In summary, the EEMD-SE-IWTD combined noise reduction method demonstrates superior performance by precisely separating noise from effective signal features, significantly improving noise reduction, maintaining signal features, and employing a reasonable evaluation method. This method not only offers theoretical advantages but also shows substantial performance improvements in applications with broad potential for future use.

5.7. Further Research Directions

Although the EEMD-SE-IWTD combined noise reduction method proposed in this paper has achieved good results in processing multi-layer through acceleration signals, some limitations remain. Future research can further explore and optimize the following aspects.
First, the scene dependency of sample entropy. The current sample entropy threshold (SE = 0.3) is set based on the typical signal structure characteristics (sample length, number of active waveform cycles) of multi-layer acceleration signals. In this scene, this threshold effectively separates noise from valid signals. However, when applied to other signal structures, the applicability of the threshold may be limited. Since the structural characteristics of different signals vary significantly, it is necessary to recalibrate the sample entropy threshold for different scenarios to ensure it adapts to the characteristics of the target signal, thereby enhancing the adaptability and universality of the noise reduction effect. Future research could explore more flexible methods for selecting the sample entropy threshold or combine adaptive algorithms to dynamically adjust the threshold based on the signal’s frequency characteristics.
Second, the computational complexity is relatively high. The EEMD-SE-IWTD method demonstrates significantly superior noise reduction performance compared to other approaches, particularly in complex noise environments. However, it exhibits high computational complexity due to multiple steps, including signal decomposition, sample entropy calculation, and wavelet threshold denoising. This results in considerable time complexity, limiting its performance in real-time applications. In the future, the computational efficiency can be improved by optimizing the algorithms and integrating hardware acceleration technology.
By thoroughly studying these limitations and gradually overcoming them, the method described in this paper is expected to play a greater role in a wider range of applications, particularly in high-precision signal processing and practical applications in complex noise environments.

6. Conclusions

  • For multi-layer through-acceleration signals with high-speed transient complex features, this paper proposes an EEMD-SE-IWTD combined noise reduction method.
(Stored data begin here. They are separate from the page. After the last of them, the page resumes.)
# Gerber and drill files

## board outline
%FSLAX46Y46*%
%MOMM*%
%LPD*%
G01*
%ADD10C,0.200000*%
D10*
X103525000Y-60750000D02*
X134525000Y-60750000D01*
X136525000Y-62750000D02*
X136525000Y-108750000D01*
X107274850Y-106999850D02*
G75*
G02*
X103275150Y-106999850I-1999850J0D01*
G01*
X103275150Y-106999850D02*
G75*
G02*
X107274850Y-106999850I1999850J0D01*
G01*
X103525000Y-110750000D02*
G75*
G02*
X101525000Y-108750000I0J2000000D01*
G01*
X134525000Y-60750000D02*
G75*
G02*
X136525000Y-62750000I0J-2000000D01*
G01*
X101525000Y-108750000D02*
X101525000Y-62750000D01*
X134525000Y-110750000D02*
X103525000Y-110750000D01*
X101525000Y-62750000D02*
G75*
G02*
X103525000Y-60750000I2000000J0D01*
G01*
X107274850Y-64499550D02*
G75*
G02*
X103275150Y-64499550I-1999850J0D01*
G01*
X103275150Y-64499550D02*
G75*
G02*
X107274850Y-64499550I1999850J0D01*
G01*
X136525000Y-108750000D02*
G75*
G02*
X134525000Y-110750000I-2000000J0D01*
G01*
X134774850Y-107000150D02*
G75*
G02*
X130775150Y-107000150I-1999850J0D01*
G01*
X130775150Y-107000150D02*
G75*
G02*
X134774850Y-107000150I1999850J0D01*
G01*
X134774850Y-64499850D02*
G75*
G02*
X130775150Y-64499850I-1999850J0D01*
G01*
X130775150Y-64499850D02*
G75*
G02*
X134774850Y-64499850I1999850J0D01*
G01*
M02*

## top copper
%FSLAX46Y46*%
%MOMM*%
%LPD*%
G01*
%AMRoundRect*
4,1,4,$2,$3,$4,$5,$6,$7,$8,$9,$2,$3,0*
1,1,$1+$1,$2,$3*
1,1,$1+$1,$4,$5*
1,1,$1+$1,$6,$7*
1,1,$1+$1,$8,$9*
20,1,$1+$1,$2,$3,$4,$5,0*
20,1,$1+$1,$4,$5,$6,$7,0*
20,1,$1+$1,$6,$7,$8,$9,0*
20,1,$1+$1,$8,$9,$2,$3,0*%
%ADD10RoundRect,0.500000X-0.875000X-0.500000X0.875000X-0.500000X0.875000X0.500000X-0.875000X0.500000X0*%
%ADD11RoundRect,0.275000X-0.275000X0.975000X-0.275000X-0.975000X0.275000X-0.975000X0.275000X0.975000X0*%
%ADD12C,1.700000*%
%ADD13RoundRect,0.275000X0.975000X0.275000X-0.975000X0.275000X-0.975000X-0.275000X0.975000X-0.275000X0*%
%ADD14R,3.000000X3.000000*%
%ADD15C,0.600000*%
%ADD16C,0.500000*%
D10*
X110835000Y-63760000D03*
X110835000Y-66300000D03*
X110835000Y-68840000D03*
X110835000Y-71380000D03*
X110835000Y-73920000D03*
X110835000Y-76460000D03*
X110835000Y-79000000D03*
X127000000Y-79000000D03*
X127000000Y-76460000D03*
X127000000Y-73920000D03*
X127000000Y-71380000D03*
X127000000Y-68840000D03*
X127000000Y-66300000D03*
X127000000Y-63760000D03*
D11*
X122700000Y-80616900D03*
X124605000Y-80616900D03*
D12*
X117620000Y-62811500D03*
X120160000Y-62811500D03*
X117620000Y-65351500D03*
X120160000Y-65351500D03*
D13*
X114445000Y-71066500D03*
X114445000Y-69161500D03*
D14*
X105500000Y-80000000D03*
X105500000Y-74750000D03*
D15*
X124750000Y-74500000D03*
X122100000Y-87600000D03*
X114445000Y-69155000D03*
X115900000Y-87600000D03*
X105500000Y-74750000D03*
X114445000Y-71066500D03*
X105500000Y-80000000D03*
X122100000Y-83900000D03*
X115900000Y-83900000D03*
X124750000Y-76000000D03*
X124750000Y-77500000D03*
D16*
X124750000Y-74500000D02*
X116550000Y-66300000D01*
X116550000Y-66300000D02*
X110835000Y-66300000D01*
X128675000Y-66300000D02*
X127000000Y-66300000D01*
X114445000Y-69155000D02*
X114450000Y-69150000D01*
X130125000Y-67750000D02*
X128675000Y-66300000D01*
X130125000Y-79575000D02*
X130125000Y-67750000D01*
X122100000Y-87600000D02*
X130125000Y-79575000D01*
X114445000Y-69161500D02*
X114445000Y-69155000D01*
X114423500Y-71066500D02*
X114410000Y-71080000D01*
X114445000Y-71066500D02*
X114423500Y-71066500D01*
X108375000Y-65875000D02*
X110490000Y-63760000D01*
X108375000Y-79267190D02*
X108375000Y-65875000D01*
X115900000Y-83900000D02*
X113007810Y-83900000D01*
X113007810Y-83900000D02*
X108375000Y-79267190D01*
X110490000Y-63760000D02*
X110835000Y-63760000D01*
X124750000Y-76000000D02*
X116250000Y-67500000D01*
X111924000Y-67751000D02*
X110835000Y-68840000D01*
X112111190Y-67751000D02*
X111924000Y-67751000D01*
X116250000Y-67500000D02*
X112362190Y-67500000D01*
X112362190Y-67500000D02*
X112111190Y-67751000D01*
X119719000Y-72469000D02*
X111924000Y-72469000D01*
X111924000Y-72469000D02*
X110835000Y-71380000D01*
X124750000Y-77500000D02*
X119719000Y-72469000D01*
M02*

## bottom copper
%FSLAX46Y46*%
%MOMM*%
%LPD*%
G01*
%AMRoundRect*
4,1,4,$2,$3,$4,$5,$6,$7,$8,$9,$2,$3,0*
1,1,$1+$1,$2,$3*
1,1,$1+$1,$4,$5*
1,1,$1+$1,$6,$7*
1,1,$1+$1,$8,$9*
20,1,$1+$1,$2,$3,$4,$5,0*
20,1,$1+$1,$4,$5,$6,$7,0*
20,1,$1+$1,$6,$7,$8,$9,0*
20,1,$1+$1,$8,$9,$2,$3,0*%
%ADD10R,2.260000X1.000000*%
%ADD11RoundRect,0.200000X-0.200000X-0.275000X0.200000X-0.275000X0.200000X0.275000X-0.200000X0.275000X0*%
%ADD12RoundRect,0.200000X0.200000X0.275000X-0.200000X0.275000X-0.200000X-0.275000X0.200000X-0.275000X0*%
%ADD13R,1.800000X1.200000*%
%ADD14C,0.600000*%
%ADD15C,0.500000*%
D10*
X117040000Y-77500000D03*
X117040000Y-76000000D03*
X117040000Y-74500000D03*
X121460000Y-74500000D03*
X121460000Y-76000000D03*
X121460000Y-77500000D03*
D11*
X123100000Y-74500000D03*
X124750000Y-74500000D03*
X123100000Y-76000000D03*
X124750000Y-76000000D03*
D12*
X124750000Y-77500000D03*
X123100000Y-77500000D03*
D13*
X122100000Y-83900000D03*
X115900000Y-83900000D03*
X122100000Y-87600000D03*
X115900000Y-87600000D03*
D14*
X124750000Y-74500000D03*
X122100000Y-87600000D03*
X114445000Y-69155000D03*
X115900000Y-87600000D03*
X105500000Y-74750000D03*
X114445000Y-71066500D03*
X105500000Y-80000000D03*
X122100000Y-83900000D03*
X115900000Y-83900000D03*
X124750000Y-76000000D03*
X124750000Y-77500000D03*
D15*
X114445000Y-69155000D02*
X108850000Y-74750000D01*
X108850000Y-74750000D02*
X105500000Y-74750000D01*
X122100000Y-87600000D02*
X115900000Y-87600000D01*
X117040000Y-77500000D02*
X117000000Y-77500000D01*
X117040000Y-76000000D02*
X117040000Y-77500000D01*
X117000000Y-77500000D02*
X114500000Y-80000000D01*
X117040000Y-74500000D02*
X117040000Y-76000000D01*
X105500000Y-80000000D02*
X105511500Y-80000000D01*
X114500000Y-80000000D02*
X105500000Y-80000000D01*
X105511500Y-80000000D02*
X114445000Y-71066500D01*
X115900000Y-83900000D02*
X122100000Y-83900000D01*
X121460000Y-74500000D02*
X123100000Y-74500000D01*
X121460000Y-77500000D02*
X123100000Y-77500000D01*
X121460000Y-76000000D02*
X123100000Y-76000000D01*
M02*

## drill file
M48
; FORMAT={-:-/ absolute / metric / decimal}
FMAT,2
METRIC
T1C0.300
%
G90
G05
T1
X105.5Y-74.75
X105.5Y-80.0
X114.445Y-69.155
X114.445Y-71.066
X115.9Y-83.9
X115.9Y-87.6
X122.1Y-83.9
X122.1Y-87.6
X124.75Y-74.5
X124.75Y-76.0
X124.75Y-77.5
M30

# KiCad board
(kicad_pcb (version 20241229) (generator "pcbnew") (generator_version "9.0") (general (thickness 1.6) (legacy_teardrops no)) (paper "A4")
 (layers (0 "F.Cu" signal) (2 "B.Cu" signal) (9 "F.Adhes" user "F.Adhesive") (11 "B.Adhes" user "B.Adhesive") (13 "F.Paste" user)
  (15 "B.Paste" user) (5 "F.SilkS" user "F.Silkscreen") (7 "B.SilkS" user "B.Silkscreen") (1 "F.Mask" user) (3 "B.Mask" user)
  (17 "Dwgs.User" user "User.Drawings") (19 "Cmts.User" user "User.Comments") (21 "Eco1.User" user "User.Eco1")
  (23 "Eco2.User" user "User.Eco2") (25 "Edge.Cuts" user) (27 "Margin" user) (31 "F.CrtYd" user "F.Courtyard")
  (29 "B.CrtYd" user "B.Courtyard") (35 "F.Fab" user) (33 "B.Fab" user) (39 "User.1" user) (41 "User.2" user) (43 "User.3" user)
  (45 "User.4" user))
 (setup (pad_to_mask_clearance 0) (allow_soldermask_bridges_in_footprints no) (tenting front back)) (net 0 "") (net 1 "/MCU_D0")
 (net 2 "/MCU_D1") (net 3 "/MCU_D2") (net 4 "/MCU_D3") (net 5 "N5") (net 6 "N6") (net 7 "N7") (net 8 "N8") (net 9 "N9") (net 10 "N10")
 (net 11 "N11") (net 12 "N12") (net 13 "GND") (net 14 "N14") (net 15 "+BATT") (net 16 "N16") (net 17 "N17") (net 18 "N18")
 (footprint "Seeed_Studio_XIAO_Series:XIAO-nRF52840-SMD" (layer "F.Cu") (at 110 81.88)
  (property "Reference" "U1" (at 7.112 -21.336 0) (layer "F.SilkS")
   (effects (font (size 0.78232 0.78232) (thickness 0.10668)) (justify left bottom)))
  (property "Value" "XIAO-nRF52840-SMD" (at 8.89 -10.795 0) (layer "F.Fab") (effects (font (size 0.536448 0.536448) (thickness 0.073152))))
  (pad "1" smd roundrect (at 0.835 -18.12) (size 2.75 2) (layers "F.Cu" "F.Mask" "F.Paste") (roundrect_rratio 0.25) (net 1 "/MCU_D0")
   (solder_mask_margin 0.0508) (thermal_bridge_angle 45))
  (pad "2" smd roundrect (at 0.835 -15.58) (size 2.75 2) (layers "F.Cu" "F.Mask" "F.Paste") (roundrect_rratio 0.25) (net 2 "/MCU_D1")
   (solder_mask_margin 0.0508) (thermal_bridge_angle 45))
  (pad "3" smd roundrect (at 0.835 -13.04) (size 2.75 2) (layers "F.Cu" "F.Mask" "F.Paste") (roundrect_rratio 0.25) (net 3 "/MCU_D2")
   (solder_mask_margin 0.0508) (thermal_bridge_angle 45))
  (pad "4" smd roundrect (at 0.835 -10.5) (size 2.75 2) (layers "F.Cu" "F.Mask" "F.Paste") (roundrect_rratio 0.25) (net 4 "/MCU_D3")
   (solder_mask_margin 0.0508) (thermal_bridge_angle 45))
  (pad "5" smd roundrect (at 0.835 -7.96) (size 2.75 2) (layers "F.Cu" "F.Mask" "F.Paste") (roundrect_rratio 0.25) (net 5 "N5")
   (solder_mask_margin 0.0508) (thermal_bridge_angle 45))
  (pad "6" smd roundrect (at 0.835 -5.42) (size 2.75 2) (layers "F.Cu" "F.Mask" "F.Paste") (roundrect_rratio 0.25) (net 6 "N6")
   (solder_mask_margin 0.0508) (thermal_bridge_angle 45))
  (pad "7" smd roundrect (at 0.835 -2.88) (size 2.75 2) (layers "F.Cu" "F.Mask" "F.Paste") (roundrect_rratio 0.25) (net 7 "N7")
   (solder_mask_margin 0.0508) (thermal_bridge_angle 45))
  (pad "8" smd roundrect (at 17 -2.88) (size 2.75 2) (layers "F.Cu" "F.Mask" "F.Paste") (roundrect_rratio 0.25) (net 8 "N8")
   (solder_mask_margin 0.0508) (thermal_bridge_angle 45))
  (pad "9" smd roundrect (at 17 -5.42) (size 2.75 2) (layers "F.Cu" "F.Mask" "F.Paste") (roundrect_rratio 0.25) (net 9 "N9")
   (solder_mask_margin 0.0508) (thermal_bridge_angle 45))
  (pad "10" smd roundrect (at 17 -7.96) (size 2.75 2) (layers "F.Cu" "F.Mask" "F.Paste") (roundrect_rratio 0.25) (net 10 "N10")
   (solder_mask_margin 0.0508) (thermal_bridge_angle 45))
  (pad "11" smd roundrect (at 17 -10.5) (size 2.75 2) (layers "F.Cu" "F.Mask" "F.Paste") (roundrect_rratio 0.25) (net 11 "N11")
   (solder_mask_margin 0.0508) (thermal_bridge_angle 45))
  (pad "12" smd roundrect (at 17 -13.04) (size 2.75 2) (layers "F.Cu" "F.Mask" "F.Paste") (roundrect_rratio 0.25) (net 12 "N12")
   (solder_mask_margin 0.0508) (thermal_bridge_angle 45))
  (pad "13" smd roundrect (at 17 -15.58) (size 2.75 2) (layers "F.Cu" "F.Mask" "F.Paste") (roundrect_rratio 0.25) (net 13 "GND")
   (solder_mask_margin 0.0508) (thermal_bridge_angle 45))
  (pad "14" smd roundrect (at 17 -18.12) (size 2.75 2) (layers "F.Cu" "F.Mask" "F.Paste") (roundrect_rratio 0.25) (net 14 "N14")
   (solder_mask_margin 0.0508) (thermal_bridge_angle 45))
  (pad "17" smd roundrect (at 12.7 -1.2631 270) (size 2.5 1.1) (layers "F.Cu" "F.Mask" "F.Paste") (roundrect_rratio 0.25)
   (solder_mask_margin 0.0508) (thermal_bridge_angle 45))
  (pad "18" smd roundrect (at 14.605 -1.2631 270) (size 2.5 1.1) (layers "F.Cu" "F.Mask" "F.Paste") (roundrect_rratio 0.25)
   (solder_mask_margin 0.0508) (thermal_bridge_angle 45))
  (pad "19" smd circle (at 7.62 -19.0685) (size 1.7 1.7) (layers "F.Cu" "F.Mask" "F.Paste"))
  (pad "20" smd circle (at 10.16 -19.0685) (size 1.7 1.7) (layers "F.Cu" "F.Mask" "F.Paste"))
  (pad "21" smd circle (at 7.62 -16.5285) (size 1.7 1.7) (layers "F.Cu" "F.Mask" "F.Paste"))
  (pad "22" smd circle (at 10.16 -16.5285) (size 1.7 1.7) (layers "F.Cu" "F.Mask" "F.Paste"))
  (pad "32" smd roundrect (at 4.445 -10.8135 180) (size 2.5 1.1) (layers "F.Cu" "F.Mask" "F.Paste") (roundrect_rratio 0.25) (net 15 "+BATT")
   (solder_mask_margin 0.0508) (thermal_bridge_angle 45))
  (pad "33" smd roundrect (at 4.445 -12.7185 180) (size 2.5 1.1) (layers "F.Cu" "F.Mask" "F.Paste") (roundrect_rratio 0.25) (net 13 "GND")
   (solder_mask_margin 0.0508) (thermal_bridge_angle 45)))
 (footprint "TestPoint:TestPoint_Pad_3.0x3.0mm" (layer "F.Cu") (at 105.5 80 90)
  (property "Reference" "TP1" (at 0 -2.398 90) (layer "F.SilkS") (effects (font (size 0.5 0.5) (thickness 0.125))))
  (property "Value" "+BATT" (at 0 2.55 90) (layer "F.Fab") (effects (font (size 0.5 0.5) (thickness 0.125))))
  (pad "1" smd rect (at 0 0 90) (size 3 3) (layers "F.Cu" "F.Mask") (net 15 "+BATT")))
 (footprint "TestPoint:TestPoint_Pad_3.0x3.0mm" (layer "F.Cu") (at 105.5 74.75 90)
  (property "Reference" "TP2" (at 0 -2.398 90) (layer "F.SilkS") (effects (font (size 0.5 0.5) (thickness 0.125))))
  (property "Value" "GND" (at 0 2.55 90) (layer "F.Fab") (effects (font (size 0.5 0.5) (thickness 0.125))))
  (pad "1" smd rect (at 0 0 90) (size 3 3) (layers "F.Cu" "F.Mask") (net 13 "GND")))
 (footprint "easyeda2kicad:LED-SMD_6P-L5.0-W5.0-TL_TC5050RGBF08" (layer "B.Cu") (at 119.25 76)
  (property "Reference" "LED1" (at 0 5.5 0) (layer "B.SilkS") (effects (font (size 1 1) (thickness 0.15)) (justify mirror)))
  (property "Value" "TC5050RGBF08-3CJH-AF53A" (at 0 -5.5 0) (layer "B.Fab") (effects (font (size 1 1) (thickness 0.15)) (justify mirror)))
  (pad "1" smd rect (at -2.21 1.5) (size 2.26 1) (layers "B.Cu" "B.Mask" "B.Paste") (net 15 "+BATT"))
  (pad "2" smd rect (at -2.21 0) (size 2.26 1) (layers "B.Cu" "B.Mask" "B.Paste") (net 15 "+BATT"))
  (pad "3" smd rect (at -2.21 -1.5) (size 2.26 1) (layers "B.Cu" "B.Mask" "B.Paste") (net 15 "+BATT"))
This method uses EEMD to decompose the signal and obtain multi-layer IMF components. The IMF components are then divided using a sample entropy threshold (SE = 0.3), with high-entropy IMF components processed using IWTD to retain effective impact features. IMF components in the low-entropy region are not processed and are retained as effective transient feature components, ultimately reconstructing the denoised signal.
  • This paper also proposes a method for simulating high-speed transient complex feature multi-layer through-acceleration signals. Impact experiments are conducted using existing equipment to obtain clean multi-layers in acceleration signals, which are then overlaid with Gaussian white noise, pink noise, and Laplace noise sequences at different SNRin values (−10 dB, −5 dB, 0 dB, 5 dB, 10 dB) to generate simulated signals with varying SNRin.
  • To validate the effectiveness of the proposed method, noise reduction processing was performed on simulated complex multi-layer through-acceleration signals with different Gaussian white noise, pink noise, and Laplace noise sequences. The noise reduction performance of the EEMD-SE-IWTD method was compared with that of similar variants (EEMD-SE, CWTD, IWTD, and EEMD-SE-CWTD) and advanced noise reduction methods (CEEMDAN, VMD, and FSST). The experimental results show that the proposed method exhibits excellent noise reduction performance under signals containing white noise and Laplace noise. However, its noise reduction effectiveness is inferior to IWTD under signals containing pink noise at SNRin levels of −10 dB and −5 dB. Overall, the proposed method effectively preserves transient features while enhancing noise reduction performance, enabling efficient noise reduction for noisy signals. The main improvements are as follows. After EEMD decomposition, high-frequency spikes still exist in the high-entropy-region IMF components after CWTD denoising. At the same time, IWTD effectively eliminates these high-frequency spikes.
  • This paper addresses the issues in existing EEMD methods, where complex noise dominates the IMF decomposition, the division of effective feature components is overly subjective, and the complete removal of high-frequency components leads to unclear features. Through experimental verification of noise reduction in multi-layer penetration acceleration signals, the proposed method demonstrates higher kurtosis than other approaches. It preserves more effective transient features while achieving superior noise reduction performance. Applying this method to real-world signals enables both penetration layer identification and reconstruction analysis of the penetration process, providing significant practical value.
Future research can further enhance the applicability of this method by developing an adaptive modal threshold division mechanism. Additionally, improving the algorithm to enhance the computational efficiency could make it suitable for real-time detection. The method proposed in this paper effectively addresses the issue of high-frequency resonant noise masking effective transient features in acceleration signals. This method can also be applied to fields characterized by significant noise signals, such as mechanical fault diagnosis and geological exploration. It will be instrumental in the development of more dependable sensor systems suitable for complex dynamic environments.

Author Contributions

Conceptualization, H.S. and S.M.; methodology, H.S., T.T. and F.L.; software, H.S. and K.J.; validation, H.S., T.T. and K.J.; formal analysis, H.Z. and S.M.; investigation, H.S. and T.T.; data curation, H.S.; writing—original draft preparation, H.S.; writing—review and editing, S.M. and H.Z.; visualization, F.L.; supervision, S.M. All authors have read and agreed to the published version of the manuscript.

Funding

This research received no external funding.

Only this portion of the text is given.